Voedselverspilling: Is er een leven na(ast) je bord?


Het klimaat, groene energie, … Het is alles wat de klok slaat de laatste tijd. Binnen deze thema’s komt ook steeds dezelfde pleidooi terug: we moeten voor de volle 100% inzetten op hernieuwbare energie om de uitstoot van CO2 te verminderen en de klimaatdoelstellingen te halen. De haalbaarheid van deze oproepen laat ik voor wat ze zijn, daarover kan een heel nieuw artikel geschreven worden. Een vaak terugkerende kritiek is dat het de taak is van de beleidsmakers om ervoor te zorgen dat deze doelstellingen gehaald worden. Nochtans zijn er nog steeds mensen die zelf op zoek gaan naar manieren om zelf hun voetafdruk te verminderen door bijvoorbeeld uitsluitend te reizen met het openbaar vervoer. Een veel gemakkelijkere manier om bij te dragen aan de reductie van broeikasgassen is evenwel door uw voedselverspilling te beperken.
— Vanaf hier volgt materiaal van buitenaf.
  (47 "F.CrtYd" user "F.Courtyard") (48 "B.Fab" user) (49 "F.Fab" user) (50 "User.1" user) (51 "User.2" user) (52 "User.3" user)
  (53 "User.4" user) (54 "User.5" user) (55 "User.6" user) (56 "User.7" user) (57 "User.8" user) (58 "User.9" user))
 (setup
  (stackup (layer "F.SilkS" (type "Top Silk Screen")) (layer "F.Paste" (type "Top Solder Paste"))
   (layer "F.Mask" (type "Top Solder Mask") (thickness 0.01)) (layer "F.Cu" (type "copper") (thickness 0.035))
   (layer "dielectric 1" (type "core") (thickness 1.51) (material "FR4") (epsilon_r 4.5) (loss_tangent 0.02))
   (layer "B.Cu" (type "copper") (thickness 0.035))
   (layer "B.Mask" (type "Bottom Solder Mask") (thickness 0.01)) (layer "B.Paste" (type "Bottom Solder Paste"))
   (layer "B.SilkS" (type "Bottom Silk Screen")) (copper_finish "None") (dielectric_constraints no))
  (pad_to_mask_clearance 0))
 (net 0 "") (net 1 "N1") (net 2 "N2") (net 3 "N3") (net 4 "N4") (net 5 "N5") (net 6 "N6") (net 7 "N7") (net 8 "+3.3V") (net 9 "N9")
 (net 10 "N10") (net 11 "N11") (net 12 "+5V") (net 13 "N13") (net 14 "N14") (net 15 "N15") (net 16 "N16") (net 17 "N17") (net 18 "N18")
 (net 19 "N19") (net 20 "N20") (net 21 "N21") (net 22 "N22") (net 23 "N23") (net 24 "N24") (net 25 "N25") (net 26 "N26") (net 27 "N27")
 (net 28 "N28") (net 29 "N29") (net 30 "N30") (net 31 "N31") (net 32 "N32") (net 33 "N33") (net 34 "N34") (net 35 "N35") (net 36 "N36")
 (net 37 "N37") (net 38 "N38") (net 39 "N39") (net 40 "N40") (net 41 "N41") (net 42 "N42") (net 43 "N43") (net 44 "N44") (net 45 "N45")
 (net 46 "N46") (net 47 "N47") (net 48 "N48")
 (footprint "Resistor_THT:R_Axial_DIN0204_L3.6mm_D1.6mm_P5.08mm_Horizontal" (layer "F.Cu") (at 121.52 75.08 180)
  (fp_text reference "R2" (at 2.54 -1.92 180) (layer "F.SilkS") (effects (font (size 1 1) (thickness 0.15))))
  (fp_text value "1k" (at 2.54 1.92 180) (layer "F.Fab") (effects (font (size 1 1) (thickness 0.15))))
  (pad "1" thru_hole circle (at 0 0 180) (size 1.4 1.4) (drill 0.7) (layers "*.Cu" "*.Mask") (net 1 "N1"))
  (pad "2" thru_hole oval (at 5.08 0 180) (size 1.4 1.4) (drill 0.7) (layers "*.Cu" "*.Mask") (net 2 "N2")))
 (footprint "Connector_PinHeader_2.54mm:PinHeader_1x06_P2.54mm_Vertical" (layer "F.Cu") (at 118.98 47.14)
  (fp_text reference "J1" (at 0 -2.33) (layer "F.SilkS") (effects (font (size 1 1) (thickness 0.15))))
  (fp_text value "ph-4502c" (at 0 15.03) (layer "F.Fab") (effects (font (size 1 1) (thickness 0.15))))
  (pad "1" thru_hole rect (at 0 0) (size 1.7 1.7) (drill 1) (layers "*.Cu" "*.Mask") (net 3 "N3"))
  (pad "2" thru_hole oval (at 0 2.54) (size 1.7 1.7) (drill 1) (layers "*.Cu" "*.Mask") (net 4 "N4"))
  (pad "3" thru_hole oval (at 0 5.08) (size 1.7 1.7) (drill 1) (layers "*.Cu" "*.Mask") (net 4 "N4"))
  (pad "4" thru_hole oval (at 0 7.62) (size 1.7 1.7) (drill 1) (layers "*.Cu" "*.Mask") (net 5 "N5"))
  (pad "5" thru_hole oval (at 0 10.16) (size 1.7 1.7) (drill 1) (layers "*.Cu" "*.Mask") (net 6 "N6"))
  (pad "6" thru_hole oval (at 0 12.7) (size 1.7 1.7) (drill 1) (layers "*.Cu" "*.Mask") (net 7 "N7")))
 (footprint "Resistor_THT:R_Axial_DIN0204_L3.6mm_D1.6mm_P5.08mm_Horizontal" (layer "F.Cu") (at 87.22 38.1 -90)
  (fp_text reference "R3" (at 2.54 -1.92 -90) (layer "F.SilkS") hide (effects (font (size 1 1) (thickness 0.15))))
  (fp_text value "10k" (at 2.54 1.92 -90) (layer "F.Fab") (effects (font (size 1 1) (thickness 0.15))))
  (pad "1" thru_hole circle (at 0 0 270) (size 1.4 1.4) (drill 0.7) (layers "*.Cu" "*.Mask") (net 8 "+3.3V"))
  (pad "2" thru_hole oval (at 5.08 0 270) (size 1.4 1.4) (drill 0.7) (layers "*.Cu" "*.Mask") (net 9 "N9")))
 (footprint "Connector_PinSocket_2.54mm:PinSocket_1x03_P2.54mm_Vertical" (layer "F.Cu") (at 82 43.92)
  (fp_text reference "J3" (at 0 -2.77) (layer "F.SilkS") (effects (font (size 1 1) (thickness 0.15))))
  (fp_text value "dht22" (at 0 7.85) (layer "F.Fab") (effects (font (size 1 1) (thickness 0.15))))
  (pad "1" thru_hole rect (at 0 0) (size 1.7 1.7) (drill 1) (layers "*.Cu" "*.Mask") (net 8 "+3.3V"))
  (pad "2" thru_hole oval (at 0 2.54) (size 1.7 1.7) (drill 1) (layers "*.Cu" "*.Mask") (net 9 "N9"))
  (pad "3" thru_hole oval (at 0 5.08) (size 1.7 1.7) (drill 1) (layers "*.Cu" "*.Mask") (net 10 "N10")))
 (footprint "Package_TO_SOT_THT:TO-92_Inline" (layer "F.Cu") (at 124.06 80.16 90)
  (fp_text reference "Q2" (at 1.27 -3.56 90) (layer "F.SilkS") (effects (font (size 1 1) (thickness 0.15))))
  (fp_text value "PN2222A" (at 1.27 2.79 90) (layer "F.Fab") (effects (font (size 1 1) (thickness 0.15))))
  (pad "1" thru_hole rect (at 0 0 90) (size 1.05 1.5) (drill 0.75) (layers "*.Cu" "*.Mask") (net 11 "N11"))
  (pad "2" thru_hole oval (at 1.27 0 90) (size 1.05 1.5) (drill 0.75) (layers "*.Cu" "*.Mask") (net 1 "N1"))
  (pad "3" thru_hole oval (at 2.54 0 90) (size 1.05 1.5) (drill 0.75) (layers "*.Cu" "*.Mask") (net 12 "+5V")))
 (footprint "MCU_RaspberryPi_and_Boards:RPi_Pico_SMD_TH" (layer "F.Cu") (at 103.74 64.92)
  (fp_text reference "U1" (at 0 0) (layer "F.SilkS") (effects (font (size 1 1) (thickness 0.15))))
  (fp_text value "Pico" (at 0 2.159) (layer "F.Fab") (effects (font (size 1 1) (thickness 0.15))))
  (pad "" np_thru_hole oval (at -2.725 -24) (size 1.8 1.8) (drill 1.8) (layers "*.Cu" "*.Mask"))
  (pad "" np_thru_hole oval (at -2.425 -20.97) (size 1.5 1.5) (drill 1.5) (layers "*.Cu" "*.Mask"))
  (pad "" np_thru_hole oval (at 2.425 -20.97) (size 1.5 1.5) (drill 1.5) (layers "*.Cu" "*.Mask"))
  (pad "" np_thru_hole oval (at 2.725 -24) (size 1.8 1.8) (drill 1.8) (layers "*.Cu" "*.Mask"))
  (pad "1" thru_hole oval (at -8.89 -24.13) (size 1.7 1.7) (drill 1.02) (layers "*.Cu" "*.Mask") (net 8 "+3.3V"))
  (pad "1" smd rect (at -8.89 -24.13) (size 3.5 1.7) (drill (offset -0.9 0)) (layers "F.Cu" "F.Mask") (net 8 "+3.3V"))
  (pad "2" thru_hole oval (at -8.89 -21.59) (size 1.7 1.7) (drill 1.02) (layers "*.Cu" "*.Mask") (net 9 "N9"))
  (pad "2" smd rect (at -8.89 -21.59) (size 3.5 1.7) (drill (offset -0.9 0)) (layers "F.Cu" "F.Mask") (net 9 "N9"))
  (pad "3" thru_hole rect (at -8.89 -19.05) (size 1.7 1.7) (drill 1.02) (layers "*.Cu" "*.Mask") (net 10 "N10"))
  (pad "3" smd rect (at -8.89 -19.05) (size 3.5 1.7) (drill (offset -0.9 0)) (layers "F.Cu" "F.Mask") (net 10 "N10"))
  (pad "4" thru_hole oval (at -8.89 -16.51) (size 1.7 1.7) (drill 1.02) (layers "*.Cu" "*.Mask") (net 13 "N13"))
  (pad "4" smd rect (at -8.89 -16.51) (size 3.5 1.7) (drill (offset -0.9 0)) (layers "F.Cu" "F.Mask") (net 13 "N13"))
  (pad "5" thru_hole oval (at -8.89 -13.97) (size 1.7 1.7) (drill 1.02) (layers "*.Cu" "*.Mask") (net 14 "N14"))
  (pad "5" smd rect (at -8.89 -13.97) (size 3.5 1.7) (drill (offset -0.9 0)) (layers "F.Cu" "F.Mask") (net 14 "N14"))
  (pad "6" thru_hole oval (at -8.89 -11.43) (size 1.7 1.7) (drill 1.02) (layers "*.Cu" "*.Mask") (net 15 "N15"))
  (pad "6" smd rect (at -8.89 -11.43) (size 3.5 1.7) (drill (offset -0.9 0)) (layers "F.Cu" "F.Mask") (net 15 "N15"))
Wist u dat uit een rapport van Drawdown (een project van een groep wetenschappers, onderzoekers, activisten en beleidsmakers die de beste oplossingen om de klimaatverandering tegen te gaan oplijsten) blijkt dat de vermindering van voedselverspilling op nummer 3 staat. Zo zou een combinatie van plantaardige dieet met een halvering van de voedselverspilling tegen 2050 kunnen leiden tot een vermindering 26 Gton CO2 (cumulatief). Brengen we ook de vermindering van de ontbossing in rekening die prominent aanwezig is om onze huidige voedselproductie te verzekeren, dan zou dit zelfs kunnen oplopen tot 70 Gton CO2 in totaal tegen 2050, gerekend vanaf 2020. [1] 

Wist-je-datjes

Om de situatie wat te kaderen, zal ik beginnen met enkele wist-je-datjes over voedselafval. Zo blijkt voedselverspilling verantwoordelijk is voor 8% van de broeikasgassen uitgestoten wereldwijd op jaarbasis. [1] Bovendien blijkt uit een rapport van de University of California dat, moesten we de broeikasgasuitstoot ten gevolge van voedselverspilling equivalent stellen aan een land, dat het derde meest uitstotende land zou zijn, na de China en de VS. [2] De oppervlakte van een land gebruikt om voedsel te produceren dat nooit gegeten wordt, komt ongeveer overeen met 14 miljoen vierkante kilometer. Om je een idee te geven, dit is bijna even groot als Rusland. [2] De gemiddelde Vlaming stoot jaarlijks ongeveer 200 kg CO2 uit door voedselverspilling. [3] Wetende dat de voedselsector 30% van het wereldwijde energieverbruik representeert [4], is dit toch een belangrijke sector om te optimaliseren met het oog op de uitstoot van broeikasgassen.

Levenscyclus voedsel

Een derde van het geproduceerde voedsel vindt zijn weg niet tot op ons bord. [1] Dit komt overeen met 4.4 Gton CO2 emissies per jaar! [5] Hoe komen we nu aan dit gigantische getal? Hiervoor dienen we de gehele levenscyclus van het product in rekening te brengen. Het spreekt voor zich dat de carbon footprint verschilt van product tot product, zoals u ongetwijfeld weet is de productie van vlees veel energie-intensiever dan de productie van tarwe bijvoorbeeld. Verder is de CO2 -uitstoot ook afhankelijk van het stadium van het proces waarin de verspilling zich voordoet. Indien het product rechtstreeks van het veld op de afvalberg belandt, is dit veel minder vervuilend dan wanneer het na een hele resem andere processen bij de consument terecht komt die het alsnog weggooit. Tot slot is ook het land van productie van belang. Zo is tomaten kweken in serres in België een veel energie- en dus ook CO2 -intensiever proces dan tomaten produceren in het warme Spanje.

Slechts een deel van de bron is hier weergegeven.